WORK REQUIRED
Check every line of the data below for the word "Courtyard". Copy the ones that have it.

GIVEN DATA
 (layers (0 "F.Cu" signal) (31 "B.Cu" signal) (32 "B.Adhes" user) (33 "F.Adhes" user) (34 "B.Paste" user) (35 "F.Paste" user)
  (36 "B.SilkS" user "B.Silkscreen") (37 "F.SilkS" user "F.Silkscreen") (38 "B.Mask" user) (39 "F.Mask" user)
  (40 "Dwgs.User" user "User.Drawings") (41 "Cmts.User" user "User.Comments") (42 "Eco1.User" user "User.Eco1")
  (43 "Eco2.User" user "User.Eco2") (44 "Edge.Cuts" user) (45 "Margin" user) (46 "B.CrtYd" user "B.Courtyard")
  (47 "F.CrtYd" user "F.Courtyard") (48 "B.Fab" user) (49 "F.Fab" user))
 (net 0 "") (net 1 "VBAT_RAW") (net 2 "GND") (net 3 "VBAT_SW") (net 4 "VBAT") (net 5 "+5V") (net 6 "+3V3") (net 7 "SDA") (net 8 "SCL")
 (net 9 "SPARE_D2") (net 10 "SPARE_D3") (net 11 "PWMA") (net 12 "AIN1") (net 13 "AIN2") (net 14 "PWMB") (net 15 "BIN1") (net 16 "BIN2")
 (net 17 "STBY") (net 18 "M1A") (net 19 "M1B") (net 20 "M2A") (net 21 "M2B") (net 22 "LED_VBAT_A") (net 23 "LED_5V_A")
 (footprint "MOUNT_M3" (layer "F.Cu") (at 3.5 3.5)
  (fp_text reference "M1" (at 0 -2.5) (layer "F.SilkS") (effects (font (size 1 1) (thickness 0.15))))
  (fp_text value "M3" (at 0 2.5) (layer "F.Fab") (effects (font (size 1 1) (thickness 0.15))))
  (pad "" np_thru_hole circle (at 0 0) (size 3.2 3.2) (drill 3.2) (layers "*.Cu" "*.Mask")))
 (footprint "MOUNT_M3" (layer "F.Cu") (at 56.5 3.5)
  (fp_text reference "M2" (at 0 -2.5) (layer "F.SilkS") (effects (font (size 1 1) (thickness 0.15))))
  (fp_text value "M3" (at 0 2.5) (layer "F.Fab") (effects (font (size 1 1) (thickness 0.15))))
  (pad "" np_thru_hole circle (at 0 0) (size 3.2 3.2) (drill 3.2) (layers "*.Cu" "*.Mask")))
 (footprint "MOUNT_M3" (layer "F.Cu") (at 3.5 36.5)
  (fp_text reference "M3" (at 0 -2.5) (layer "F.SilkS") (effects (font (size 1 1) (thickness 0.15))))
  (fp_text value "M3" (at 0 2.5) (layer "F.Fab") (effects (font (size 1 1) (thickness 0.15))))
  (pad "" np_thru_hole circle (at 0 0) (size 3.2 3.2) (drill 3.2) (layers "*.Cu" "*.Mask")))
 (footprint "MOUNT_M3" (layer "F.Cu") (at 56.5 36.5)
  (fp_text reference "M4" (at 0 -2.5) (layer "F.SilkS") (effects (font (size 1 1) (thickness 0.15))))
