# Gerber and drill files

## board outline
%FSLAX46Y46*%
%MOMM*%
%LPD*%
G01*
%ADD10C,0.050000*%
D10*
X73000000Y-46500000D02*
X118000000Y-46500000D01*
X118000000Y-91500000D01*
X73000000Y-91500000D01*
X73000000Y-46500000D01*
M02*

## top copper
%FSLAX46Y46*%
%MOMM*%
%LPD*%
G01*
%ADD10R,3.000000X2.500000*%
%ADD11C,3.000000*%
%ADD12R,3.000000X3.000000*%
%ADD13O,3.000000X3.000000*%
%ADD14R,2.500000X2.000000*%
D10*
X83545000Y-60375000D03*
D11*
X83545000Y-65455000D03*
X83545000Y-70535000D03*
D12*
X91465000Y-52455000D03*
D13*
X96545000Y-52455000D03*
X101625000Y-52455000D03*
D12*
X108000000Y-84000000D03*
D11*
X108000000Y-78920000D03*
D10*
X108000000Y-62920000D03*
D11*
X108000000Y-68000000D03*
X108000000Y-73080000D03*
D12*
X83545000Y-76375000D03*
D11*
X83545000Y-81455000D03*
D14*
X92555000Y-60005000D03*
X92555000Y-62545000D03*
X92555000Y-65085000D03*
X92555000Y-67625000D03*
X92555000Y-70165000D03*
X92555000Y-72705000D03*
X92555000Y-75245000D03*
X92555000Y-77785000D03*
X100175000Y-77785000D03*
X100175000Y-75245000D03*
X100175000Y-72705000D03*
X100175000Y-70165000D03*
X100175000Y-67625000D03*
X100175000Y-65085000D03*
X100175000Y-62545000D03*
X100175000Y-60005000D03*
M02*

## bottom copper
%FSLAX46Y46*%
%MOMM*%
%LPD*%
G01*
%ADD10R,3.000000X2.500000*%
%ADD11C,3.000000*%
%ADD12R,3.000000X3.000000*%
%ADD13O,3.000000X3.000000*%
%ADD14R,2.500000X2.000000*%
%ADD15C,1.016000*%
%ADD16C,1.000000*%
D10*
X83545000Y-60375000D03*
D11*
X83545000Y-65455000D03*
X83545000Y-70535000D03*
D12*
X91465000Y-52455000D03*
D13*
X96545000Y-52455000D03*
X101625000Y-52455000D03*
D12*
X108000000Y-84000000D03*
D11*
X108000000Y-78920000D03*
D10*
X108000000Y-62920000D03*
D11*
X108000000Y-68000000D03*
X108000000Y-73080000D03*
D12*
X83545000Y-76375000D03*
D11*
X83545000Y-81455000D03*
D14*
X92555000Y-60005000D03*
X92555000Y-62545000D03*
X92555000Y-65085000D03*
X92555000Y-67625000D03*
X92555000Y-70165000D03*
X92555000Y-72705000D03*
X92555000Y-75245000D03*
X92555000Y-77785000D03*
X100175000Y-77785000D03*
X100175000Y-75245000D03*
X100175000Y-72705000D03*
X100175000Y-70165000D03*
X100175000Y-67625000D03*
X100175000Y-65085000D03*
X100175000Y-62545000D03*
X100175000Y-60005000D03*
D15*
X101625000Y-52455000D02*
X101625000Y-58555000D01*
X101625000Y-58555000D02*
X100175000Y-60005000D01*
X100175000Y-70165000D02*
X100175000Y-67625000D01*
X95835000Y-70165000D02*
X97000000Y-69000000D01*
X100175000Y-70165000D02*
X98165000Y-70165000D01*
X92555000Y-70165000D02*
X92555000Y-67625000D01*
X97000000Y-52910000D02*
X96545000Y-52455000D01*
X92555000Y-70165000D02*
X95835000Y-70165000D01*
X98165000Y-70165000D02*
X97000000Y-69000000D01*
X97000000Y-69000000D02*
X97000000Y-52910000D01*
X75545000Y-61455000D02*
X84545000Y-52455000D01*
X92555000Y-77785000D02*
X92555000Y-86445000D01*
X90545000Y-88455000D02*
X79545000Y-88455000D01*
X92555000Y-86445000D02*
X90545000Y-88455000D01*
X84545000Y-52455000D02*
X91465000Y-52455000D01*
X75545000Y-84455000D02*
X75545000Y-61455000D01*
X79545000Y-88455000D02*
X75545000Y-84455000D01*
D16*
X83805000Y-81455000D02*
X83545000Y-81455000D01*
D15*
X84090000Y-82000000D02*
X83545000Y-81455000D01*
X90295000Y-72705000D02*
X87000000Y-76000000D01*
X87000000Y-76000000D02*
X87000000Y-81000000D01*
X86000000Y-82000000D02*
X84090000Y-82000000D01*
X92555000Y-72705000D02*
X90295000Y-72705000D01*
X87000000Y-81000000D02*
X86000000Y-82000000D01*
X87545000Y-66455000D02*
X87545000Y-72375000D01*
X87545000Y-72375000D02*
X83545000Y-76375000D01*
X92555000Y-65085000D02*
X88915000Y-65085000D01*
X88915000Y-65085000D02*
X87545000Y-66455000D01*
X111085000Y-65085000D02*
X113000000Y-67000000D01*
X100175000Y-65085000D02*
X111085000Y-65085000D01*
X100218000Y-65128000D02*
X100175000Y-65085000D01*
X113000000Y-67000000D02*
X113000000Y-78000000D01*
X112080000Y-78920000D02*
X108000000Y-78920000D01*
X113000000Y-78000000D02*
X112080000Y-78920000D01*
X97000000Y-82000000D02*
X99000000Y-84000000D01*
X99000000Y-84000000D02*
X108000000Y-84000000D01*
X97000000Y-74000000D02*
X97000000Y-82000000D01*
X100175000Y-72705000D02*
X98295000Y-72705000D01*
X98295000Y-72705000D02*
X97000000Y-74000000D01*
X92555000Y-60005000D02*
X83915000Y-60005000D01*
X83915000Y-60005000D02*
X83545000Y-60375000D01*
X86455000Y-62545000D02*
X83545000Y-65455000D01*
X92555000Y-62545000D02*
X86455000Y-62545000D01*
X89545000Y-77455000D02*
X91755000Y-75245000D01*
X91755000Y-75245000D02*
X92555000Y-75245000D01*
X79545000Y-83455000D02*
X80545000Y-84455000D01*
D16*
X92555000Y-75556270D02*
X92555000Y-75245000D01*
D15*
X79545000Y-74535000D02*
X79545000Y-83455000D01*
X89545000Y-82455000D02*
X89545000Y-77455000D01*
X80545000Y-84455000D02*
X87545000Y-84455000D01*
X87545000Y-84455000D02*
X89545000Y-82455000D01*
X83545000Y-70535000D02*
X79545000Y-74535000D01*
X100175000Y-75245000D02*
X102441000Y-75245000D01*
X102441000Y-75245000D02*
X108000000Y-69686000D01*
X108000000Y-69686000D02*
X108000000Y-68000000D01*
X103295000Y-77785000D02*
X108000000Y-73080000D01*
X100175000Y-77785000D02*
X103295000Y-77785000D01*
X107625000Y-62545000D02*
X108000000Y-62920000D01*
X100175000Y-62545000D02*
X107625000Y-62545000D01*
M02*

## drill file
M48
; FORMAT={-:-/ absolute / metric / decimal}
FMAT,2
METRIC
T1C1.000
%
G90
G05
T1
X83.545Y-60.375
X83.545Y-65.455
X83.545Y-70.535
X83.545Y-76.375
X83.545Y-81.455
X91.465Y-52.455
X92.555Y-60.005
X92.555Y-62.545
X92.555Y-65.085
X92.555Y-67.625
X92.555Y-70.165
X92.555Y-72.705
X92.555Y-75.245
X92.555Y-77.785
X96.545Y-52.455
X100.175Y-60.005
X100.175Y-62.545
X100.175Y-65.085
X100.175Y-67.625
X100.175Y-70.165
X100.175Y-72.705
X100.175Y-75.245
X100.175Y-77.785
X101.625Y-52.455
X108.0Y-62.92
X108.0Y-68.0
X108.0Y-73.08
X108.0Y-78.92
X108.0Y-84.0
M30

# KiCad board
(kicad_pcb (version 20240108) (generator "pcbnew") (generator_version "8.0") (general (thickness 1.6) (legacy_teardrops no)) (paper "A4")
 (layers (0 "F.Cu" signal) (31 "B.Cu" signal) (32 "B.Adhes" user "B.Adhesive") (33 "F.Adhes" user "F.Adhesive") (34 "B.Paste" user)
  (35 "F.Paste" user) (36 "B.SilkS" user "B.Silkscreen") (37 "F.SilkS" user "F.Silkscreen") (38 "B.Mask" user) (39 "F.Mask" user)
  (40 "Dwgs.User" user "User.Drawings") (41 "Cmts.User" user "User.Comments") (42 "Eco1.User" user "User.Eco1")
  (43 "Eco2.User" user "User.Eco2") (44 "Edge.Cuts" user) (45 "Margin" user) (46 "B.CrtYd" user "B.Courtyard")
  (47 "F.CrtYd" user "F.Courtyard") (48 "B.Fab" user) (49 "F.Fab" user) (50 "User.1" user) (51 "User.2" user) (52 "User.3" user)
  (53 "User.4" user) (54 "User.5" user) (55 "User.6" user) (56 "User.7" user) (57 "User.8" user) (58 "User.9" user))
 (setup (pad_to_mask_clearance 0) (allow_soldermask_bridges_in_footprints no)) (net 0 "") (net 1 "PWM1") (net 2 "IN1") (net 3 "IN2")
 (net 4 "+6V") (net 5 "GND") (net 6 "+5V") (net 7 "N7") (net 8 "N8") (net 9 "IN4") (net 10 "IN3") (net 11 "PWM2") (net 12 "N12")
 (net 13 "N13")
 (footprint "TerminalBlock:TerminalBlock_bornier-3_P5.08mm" (layer "F.Cu") (at 83.545 60.375 -90)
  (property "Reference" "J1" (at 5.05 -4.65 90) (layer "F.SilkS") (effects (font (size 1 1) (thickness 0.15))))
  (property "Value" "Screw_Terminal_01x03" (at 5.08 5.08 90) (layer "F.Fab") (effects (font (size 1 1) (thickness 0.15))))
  (pad "1" thru_hole rect (at 0 0 270) (size 2.5 3) (drill 1) (layers "*.Cu" "*.Mask") (remove_unused_layers no) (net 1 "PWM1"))
  (pad "2" thru_hole circle (at 5.08 0 270) (size 3 3) (drill 1) (layers "*.Cu" "*.Mask") (remove_unused_layers no) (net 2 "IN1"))
  (pad "3" thru_hole circle (at 10.16 0 270) (size 3 3) (drill 1) (layers "*.Cu" "*.Mask") (remove_unused_layers no) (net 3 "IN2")))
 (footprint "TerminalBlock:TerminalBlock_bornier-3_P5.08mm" (layer "F.Cu") (at 91.465 52.455)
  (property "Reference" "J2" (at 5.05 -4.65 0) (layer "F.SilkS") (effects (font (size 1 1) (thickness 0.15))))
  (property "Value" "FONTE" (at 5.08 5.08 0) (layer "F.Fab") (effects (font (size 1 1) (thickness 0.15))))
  (pad "1" thru_hole rect (at 0 0) (size 3 3) (drill 1) (layers "*.Cu" "*.Mask") (remove_unused_layers no) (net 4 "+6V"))
  (pad "2" thru_hole oval (at 5.08 0) (size 3 3) (drill 1) (layers "*.Cu" "*.Mask" "Eco2.User") (remove_unused_layers no) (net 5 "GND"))
  (pad "3" thru_hole oval (at 10.16 0) (size 3 3) (drill 1) (layers "*.Cu" "*.Mask") (remove_unused_layers no) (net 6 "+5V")))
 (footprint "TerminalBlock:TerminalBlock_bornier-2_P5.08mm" (layer "F.Cu") (at 108 84 90)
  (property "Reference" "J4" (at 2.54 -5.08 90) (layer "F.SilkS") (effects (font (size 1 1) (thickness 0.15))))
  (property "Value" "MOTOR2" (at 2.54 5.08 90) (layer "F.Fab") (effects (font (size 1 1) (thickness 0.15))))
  (pad "1" thru_hole rect (at 0 0 90) (size 3 3) (drill 1) (layers "*.Cu" "*.Mask") (remove_unused_layers no) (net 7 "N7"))
  (pad "2" thru_hole circle (at 5.08 0 90) (size 3 3) (drill 1) (layers "*.Cu" "*.Mask") (remove_unused_layers no) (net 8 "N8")))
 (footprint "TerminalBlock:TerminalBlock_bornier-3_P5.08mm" (layer "F.Cu") (at 108 62.92 -90)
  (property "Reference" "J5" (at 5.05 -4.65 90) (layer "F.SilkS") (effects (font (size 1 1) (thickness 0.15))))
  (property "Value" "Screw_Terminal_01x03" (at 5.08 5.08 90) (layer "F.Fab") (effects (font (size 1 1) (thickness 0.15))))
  (pad "1" thru_hole rect (at 0 0 270) (size 2.5 3) (drill 1) (layers "*.Cu" "*.Mask") (remove_unused_layers no) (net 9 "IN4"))
  (pad "2" thru_hole circle (at 5.08 0 270) (size 3 3) (drill 1) (layers "*.Cu" "*.Mask" "Eco1.User") (remove_unused_layers no)
   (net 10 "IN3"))
  (pad "3" thru_hole circle (at 10.16 0 270) (size 3 3) (drill 1) (layers "*.Cu" "*.Mask") (remove_unused_layers no) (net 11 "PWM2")))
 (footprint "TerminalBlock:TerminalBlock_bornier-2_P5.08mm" (layer "F.Cu") (at 83.545 76.375 -90)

RESPONSE TO THIS EXERCISE
  (43 "Eco2.User" user "User.Eco2") (44 "Edge.Cuts" user) (45 "Margin" user) (46 "B.CrtYd" user "B.Courtyard")
  (47 "F.CrtYd" user "F.Courtyard") (48 "B.Fab" user) (49 "F.Fab" user))
  (43 "Eco2.User" user "User.Eco2") (44 "Edge.Cuts" user) (45 "Margin" user) (46 "B.CrtYd" user "B.Courtyard")
  (47 "F.CrtYd" user "F.Courtyard") (48 "B.Fab" user) (49 "F.Fab" user) (50 "User.1" user) (51 "User.2" user) (52 "User.3" user)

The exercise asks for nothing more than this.